• **Exercise instructions**
Tally how many lines in this material contain the word "back", and reply only with the count.

• **Data provided**
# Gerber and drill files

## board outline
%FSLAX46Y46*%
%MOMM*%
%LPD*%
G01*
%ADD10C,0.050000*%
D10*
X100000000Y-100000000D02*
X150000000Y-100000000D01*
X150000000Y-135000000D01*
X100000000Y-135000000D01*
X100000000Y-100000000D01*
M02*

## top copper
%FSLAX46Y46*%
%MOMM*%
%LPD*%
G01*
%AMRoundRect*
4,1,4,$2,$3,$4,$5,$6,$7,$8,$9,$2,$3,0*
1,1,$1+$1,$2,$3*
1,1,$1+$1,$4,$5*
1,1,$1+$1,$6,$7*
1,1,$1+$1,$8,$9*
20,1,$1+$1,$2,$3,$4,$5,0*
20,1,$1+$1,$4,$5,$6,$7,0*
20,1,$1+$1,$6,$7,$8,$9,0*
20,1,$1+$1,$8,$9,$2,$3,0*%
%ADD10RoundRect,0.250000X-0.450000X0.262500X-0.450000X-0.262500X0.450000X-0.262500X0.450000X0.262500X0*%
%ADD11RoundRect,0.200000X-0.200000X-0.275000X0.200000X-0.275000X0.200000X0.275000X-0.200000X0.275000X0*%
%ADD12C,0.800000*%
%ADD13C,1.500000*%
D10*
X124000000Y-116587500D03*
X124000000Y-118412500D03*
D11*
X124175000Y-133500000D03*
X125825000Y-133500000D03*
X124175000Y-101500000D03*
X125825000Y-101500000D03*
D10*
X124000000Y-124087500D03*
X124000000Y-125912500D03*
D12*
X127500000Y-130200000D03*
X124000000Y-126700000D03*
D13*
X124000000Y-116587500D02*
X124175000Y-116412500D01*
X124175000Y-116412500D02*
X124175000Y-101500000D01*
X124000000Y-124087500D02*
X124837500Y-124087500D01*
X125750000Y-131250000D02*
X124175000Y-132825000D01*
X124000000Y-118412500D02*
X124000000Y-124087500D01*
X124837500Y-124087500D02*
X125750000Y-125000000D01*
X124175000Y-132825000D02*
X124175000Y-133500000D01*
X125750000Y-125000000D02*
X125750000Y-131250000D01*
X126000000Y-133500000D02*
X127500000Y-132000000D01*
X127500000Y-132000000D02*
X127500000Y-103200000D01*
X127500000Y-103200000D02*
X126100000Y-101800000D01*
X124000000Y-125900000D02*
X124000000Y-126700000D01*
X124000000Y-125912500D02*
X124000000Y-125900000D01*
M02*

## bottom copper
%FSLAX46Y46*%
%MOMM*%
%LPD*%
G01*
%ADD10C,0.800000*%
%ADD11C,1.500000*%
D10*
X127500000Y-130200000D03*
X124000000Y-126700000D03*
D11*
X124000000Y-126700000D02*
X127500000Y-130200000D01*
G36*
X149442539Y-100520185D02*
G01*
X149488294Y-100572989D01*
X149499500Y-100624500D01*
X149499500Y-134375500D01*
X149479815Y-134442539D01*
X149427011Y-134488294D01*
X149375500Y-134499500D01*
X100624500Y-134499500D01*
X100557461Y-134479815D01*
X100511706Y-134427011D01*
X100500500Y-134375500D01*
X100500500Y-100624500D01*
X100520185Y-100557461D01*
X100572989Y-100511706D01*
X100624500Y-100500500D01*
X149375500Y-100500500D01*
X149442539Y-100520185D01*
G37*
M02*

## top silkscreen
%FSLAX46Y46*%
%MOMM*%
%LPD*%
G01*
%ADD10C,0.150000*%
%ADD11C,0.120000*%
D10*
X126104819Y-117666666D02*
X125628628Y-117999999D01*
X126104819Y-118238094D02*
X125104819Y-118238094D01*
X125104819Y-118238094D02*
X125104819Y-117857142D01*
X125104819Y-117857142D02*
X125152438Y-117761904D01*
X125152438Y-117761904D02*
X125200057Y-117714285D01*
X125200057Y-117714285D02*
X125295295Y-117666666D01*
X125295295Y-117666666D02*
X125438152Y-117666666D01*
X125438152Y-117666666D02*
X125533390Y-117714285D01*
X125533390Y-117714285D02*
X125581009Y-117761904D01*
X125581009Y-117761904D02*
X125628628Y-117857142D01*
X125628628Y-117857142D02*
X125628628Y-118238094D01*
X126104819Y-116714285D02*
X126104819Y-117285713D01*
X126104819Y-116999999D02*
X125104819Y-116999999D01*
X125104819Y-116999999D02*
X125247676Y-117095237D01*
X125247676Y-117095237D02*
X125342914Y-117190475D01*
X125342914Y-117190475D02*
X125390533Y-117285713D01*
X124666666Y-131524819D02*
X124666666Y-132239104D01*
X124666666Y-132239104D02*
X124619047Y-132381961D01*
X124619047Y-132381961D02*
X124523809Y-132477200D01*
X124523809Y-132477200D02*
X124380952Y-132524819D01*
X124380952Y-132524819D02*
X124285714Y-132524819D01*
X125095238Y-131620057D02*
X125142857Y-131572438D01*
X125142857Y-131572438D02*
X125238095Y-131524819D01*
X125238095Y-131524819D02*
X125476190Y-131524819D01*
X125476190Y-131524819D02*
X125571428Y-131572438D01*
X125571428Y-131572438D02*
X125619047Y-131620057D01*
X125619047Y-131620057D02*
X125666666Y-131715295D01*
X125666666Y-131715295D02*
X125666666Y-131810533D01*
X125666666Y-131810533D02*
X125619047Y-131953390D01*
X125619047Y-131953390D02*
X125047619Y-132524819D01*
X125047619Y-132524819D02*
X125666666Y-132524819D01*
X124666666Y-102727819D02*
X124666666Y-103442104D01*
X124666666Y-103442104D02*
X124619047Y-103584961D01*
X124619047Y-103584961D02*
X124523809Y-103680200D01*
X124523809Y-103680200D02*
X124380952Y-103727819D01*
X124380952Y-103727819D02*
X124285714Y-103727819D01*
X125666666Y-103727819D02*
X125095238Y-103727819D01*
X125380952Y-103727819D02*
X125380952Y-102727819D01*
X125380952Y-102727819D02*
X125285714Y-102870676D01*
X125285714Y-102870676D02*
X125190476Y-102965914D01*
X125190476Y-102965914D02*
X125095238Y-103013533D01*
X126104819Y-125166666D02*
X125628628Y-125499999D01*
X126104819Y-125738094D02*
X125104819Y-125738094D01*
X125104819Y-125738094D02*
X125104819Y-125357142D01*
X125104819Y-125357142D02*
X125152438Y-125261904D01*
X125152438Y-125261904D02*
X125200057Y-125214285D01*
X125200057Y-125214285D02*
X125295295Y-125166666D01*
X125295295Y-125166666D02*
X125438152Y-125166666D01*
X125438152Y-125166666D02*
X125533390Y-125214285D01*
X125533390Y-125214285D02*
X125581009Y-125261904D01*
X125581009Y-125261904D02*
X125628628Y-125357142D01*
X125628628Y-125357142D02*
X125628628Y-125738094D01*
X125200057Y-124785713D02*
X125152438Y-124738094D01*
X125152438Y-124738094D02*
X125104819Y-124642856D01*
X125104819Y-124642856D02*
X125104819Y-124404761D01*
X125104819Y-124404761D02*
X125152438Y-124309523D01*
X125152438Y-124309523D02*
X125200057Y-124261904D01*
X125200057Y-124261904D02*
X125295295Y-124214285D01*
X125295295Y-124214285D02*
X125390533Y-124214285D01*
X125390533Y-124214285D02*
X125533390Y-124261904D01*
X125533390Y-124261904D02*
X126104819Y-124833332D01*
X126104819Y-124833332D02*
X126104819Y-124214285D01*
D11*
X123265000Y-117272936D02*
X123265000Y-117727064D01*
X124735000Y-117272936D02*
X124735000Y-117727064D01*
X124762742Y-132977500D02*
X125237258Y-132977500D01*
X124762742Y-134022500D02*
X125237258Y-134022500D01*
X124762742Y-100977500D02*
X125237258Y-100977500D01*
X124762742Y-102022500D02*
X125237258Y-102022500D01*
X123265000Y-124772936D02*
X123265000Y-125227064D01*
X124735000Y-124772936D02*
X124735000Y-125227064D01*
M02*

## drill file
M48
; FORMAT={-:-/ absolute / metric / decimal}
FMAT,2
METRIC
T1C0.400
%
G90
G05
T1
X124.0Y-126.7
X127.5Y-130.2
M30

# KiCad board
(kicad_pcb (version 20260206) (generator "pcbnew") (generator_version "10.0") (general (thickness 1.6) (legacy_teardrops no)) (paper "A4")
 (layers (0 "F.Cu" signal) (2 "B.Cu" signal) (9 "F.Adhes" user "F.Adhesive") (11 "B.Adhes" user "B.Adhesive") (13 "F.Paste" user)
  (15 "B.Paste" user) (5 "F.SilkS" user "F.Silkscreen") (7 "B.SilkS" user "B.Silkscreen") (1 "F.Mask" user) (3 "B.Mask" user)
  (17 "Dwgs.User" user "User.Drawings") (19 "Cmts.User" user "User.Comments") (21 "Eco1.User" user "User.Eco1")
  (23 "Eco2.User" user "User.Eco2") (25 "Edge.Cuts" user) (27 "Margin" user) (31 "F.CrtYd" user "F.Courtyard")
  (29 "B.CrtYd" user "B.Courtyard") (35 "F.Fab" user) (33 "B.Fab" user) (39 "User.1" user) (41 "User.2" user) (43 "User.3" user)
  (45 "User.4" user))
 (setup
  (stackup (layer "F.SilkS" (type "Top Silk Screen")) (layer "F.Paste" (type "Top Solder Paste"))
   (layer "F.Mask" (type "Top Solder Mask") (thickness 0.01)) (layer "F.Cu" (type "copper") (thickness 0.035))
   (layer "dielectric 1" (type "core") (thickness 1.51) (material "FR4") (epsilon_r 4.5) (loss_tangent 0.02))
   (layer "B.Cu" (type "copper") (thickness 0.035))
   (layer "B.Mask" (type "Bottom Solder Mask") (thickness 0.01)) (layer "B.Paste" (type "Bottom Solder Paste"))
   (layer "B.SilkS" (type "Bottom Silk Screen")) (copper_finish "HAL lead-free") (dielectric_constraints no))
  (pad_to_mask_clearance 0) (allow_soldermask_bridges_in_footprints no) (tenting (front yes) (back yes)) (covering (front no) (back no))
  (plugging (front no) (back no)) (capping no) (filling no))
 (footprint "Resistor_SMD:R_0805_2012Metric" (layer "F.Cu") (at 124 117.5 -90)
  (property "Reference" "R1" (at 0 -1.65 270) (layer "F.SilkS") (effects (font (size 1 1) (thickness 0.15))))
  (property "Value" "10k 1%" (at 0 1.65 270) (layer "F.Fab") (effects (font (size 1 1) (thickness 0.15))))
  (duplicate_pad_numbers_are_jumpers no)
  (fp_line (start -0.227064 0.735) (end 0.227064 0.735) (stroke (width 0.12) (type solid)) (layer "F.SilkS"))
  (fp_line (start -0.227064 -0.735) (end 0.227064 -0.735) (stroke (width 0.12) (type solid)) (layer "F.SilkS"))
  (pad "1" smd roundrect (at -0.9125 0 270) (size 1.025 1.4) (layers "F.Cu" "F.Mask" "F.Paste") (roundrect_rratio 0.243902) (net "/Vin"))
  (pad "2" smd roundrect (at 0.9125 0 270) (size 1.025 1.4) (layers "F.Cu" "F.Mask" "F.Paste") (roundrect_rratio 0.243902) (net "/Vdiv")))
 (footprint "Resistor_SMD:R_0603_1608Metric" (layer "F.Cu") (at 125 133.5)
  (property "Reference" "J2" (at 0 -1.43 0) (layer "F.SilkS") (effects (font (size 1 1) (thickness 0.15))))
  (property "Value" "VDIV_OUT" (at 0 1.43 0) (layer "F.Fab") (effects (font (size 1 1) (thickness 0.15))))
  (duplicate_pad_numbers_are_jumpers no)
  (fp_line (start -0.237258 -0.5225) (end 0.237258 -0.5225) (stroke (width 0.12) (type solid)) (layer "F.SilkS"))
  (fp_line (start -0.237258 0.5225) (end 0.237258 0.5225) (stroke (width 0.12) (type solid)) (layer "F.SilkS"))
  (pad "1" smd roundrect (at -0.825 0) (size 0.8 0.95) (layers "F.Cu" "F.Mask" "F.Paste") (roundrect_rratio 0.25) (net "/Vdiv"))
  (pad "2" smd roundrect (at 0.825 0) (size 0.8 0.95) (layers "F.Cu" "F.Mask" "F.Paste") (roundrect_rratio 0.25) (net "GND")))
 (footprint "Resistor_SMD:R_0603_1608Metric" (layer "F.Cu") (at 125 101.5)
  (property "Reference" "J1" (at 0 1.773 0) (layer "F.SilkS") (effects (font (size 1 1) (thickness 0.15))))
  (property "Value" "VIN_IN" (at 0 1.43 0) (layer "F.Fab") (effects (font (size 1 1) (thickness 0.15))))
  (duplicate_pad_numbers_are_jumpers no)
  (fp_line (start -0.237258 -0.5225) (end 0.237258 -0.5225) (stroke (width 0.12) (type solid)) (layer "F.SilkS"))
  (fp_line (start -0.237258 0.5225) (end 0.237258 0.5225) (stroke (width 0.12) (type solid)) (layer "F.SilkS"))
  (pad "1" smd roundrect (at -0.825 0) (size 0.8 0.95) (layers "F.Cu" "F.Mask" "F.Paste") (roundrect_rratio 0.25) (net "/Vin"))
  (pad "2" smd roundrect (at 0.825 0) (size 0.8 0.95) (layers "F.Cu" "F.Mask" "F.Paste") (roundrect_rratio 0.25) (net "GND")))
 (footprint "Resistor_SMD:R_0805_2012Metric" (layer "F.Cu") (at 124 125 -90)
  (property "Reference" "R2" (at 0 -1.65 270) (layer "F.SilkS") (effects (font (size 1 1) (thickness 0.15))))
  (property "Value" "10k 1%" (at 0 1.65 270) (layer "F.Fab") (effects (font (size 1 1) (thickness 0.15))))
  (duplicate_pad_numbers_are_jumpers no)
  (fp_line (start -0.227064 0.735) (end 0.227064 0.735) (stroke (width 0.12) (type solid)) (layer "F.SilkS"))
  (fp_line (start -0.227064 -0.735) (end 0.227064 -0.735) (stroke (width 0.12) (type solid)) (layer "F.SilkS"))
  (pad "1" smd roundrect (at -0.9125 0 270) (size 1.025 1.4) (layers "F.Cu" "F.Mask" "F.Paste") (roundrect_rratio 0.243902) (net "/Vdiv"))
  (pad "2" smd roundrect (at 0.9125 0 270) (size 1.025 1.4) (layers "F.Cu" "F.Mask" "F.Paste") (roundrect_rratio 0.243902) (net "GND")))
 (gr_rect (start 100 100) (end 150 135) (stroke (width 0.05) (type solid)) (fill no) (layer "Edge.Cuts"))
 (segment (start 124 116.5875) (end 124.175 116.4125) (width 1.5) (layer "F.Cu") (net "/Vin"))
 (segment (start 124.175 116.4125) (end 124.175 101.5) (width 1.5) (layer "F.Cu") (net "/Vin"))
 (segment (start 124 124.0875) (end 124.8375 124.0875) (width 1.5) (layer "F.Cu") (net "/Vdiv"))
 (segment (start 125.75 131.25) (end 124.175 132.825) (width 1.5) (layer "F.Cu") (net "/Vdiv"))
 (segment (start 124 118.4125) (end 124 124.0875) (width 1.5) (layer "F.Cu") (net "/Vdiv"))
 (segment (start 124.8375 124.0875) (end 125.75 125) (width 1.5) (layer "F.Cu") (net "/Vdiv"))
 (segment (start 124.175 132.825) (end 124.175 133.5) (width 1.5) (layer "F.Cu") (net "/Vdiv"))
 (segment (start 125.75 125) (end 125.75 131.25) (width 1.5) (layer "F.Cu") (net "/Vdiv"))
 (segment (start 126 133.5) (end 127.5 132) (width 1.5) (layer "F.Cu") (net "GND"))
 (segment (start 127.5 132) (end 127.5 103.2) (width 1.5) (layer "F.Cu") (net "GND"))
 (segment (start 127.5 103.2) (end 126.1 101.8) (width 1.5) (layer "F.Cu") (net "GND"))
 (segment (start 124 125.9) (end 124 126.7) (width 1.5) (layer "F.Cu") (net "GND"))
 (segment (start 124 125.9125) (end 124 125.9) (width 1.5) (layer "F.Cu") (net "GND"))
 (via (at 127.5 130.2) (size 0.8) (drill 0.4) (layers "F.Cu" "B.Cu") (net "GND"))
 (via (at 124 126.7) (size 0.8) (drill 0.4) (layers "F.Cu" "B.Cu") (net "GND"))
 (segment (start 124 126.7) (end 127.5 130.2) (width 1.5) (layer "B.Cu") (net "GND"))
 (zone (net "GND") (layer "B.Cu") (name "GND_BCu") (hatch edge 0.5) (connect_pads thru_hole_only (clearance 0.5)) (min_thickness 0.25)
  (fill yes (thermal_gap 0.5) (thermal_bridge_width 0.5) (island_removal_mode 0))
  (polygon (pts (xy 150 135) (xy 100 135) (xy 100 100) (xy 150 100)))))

• **Response to the exercise**
2